[Saved entries]
--- START ---

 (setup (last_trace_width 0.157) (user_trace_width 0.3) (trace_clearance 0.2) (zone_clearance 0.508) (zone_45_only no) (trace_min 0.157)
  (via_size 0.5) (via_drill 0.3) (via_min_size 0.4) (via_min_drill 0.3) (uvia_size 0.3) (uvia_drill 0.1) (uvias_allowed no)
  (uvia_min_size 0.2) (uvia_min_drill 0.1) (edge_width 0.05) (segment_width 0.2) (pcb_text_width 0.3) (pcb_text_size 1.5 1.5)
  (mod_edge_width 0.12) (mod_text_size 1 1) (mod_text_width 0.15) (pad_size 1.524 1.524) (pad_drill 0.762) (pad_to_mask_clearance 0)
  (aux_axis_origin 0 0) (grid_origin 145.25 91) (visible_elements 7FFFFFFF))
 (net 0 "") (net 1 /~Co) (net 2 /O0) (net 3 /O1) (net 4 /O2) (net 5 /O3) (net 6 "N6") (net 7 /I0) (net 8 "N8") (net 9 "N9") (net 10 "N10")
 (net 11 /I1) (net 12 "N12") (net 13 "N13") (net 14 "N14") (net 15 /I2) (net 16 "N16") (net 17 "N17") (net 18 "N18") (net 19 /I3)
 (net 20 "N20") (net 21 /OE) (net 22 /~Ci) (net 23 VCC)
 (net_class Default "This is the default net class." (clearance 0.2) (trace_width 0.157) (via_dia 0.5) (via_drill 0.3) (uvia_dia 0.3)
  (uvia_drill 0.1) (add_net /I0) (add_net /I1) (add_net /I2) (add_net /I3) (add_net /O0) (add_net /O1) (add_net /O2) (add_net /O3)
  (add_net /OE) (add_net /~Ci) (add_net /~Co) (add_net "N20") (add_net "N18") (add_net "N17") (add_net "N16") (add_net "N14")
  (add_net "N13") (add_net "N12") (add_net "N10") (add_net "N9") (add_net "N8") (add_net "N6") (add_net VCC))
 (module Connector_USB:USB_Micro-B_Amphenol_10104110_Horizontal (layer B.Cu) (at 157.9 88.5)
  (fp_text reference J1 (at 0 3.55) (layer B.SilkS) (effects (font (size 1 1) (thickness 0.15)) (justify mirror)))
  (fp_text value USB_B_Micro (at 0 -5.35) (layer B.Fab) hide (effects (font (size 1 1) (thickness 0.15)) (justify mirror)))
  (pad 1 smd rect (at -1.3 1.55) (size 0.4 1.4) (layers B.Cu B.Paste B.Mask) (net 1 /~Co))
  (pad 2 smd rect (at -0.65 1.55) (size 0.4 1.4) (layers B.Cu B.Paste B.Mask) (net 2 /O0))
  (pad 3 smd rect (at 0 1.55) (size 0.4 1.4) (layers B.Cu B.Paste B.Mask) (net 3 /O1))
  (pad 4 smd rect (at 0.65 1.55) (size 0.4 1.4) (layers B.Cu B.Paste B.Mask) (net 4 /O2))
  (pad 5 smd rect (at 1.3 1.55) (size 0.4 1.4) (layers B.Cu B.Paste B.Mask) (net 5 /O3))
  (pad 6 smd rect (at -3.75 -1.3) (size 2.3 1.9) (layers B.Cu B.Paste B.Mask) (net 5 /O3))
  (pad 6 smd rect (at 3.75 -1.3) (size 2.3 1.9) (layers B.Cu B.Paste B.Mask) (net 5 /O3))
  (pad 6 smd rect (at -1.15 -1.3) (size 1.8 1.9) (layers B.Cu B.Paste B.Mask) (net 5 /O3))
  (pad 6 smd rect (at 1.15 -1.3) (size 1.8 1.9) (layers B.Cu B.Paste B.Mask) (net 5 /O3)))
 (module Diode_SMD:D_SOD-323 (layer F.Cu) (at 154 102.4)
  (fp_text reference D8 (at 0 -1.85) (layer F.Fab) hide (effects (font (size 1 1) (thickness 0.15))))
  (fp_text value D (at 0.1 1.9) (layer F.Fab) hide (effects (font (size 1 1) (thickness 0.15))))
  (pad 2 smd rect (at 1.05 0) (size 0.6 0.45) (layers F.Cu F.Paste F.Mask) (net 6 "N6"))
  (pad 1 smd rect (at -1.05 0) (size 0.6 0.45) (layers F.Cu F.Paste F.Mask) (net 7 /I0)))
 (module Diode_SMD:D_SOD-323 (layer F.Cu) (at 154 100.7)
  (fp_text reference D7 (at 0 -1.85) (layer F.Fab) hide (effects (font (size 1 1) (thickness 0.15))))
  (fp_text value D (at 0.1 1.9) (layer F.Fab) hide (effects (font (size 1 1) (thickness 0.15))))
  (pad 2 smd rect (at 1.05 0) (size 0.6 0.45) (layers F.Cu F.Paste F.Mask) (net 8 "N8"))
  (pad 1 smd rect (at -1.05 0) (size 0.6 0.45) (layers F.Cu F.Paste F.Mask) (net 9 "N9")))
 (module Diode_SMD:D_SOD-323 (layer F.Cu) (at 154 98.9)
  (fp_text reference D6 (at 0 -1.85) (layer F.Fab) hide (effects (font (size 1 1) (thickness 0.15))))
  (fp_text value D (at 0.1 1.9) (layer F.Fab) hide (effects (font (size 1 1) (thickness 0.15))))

--- END ---
--- START ---

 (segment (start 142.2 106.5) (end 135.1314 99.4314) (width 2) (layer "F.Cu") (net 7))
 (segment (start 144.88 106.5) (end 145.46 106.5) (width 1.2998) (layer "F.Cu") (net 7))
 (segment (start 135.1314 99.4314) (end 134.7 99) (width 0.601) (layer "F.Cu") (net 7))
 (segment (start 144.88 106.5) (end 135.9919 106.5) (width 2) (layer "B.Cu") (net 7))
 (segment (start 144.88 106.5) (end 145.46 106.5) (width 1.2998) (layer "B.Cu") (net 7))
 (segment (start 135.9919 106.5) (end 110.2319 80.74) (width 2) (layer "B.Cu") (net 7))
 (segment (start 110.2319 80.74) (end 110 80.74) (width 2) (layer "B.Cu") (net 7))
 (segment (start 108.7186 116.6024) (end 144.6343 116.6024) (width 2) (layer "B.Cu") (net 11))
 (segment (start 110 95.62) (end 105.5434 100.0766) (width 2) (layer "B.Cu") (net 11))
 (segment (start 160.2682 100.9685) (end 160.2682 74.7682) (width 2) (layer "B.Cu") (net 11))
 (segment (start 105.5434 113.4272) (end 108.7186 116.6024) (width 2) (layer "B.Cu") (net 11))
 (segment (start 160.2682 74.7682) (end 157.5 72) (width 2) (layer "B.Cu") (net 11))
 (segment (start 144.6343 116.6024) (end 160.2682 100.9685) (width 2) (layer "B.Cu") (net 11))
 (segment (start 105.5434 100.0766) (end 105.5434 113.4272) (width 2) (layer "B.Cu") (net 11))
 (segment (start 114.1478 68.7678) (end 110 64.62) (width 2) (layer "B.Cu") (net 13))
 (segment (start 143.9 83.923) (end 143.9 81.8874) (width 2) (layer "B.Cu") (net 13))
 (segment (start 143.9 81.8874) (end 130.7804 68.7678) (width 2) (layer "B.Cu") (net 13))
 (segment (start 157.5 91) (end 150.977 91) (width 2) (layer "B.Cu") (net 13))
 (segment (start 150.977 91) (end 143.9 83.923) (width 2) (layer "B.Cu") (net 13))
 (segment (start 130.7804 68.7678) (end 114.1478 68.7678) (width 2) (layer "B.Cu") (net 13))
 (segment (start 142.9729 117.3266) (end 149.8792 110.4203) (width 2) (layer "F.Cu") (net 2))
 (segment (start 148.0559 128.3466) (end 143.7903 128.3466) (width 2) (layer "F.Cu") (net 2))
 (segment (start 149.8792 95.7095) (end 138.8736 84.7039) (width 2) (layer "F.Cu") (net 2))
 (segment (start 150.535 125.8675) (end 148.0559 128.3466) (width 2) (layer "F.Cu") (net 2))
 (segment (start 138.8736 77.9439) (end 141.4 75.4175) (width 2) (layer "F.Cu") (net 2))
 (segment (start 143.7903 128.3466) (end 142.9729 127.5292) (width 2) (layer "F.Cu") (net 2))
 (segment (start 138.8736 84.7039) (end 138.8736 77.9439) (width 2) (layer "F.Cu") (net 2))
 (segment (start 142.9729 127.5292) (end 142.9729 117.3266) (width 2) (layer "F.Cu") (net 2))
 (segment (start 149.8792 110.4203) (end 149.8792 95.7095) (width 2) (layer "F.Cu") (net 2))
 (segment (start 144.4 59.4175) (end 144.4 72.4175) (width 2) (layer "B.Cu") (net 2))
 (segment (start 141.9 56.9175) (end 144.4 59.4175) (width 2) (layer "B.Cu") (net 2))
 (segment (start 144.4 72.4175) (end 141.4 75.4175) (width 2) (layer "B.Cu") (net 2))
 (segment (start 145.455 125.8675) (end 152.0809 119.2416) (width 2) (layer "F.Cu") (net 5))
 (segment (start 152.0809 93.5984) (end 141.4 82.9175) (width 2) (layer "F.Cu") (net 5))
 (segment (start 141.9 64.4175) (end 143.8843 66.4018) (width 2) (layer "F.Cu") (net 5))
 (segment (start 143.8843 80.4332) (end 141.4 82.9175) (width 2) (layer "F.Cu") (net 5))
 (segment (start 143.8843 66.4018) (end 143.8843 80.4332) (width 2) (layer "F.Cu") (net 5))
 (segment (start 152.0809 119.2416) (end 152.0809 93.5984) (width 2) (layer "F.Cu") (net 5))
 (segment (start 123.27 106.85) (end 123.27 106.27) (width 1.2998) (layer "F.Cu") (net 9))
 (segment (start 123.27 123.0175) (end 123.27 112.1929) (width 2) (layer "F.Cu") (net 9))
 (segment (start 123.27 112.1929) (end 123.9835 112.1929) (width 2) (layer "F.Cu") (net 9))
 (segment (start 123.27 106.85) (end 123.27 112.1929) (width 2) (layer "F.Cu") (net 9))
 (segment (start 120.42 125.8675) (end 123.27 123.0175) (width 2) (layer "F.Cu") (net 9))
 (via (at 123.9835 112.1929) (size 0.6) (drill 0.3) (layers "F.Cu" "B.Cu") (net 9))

--- END ---

WORK INSTRUCTION. All that is needed is the exact run of lines above from the line containing "(fp_text reference J1" through the line containing "(pad 6 smd rect (at -3.75", both of them included.

SOLUTION.
  (fp_text reference J1 (at 0 3.55) (layer B.SilkS) (effects (font (size 1 1) (thickness 0.15)) (justify mirror)))
  (fp_text value USB_B_Micro (at 0 -5.35) (layer B.Fab) hide (effects (font (size 1 1) (thickness 0.15)) (justify mirror)))
  (pad 1 smd rect (at -1.3 1.55) (size 0.4 1.4) (layers B.Cu B.Paste B.Mask) (net 1 /~Co))
  (pad 2 smd rect (at -0.65 1.55) (size 0.4 1.4) (layers B.Cu B.Paste B.Mask) (net 2 /O0))
  (pad 3 smd rect (at 0 1.55) (size 0.4 1.4) (layers B.Cu B.Paste B.Mask) (net 3 /O1))
  (pad 4 smd rect (at 0.65 1.55) (size 0.4 1.4) (layers B.Cu B.Paste B.Mask) (net 4 /O2))
  (pad 5 smd rect (at 1.3 1.55) (size 0.4 1.4) (layers B.Cu B.Paste B.Mask) (net 5 /O3))
  (pad 6 smd rect (at -3.75 -1.3) (size 2.3 1.9) (layers B.Cu B.Paste B.Mask) (net 5 /O3))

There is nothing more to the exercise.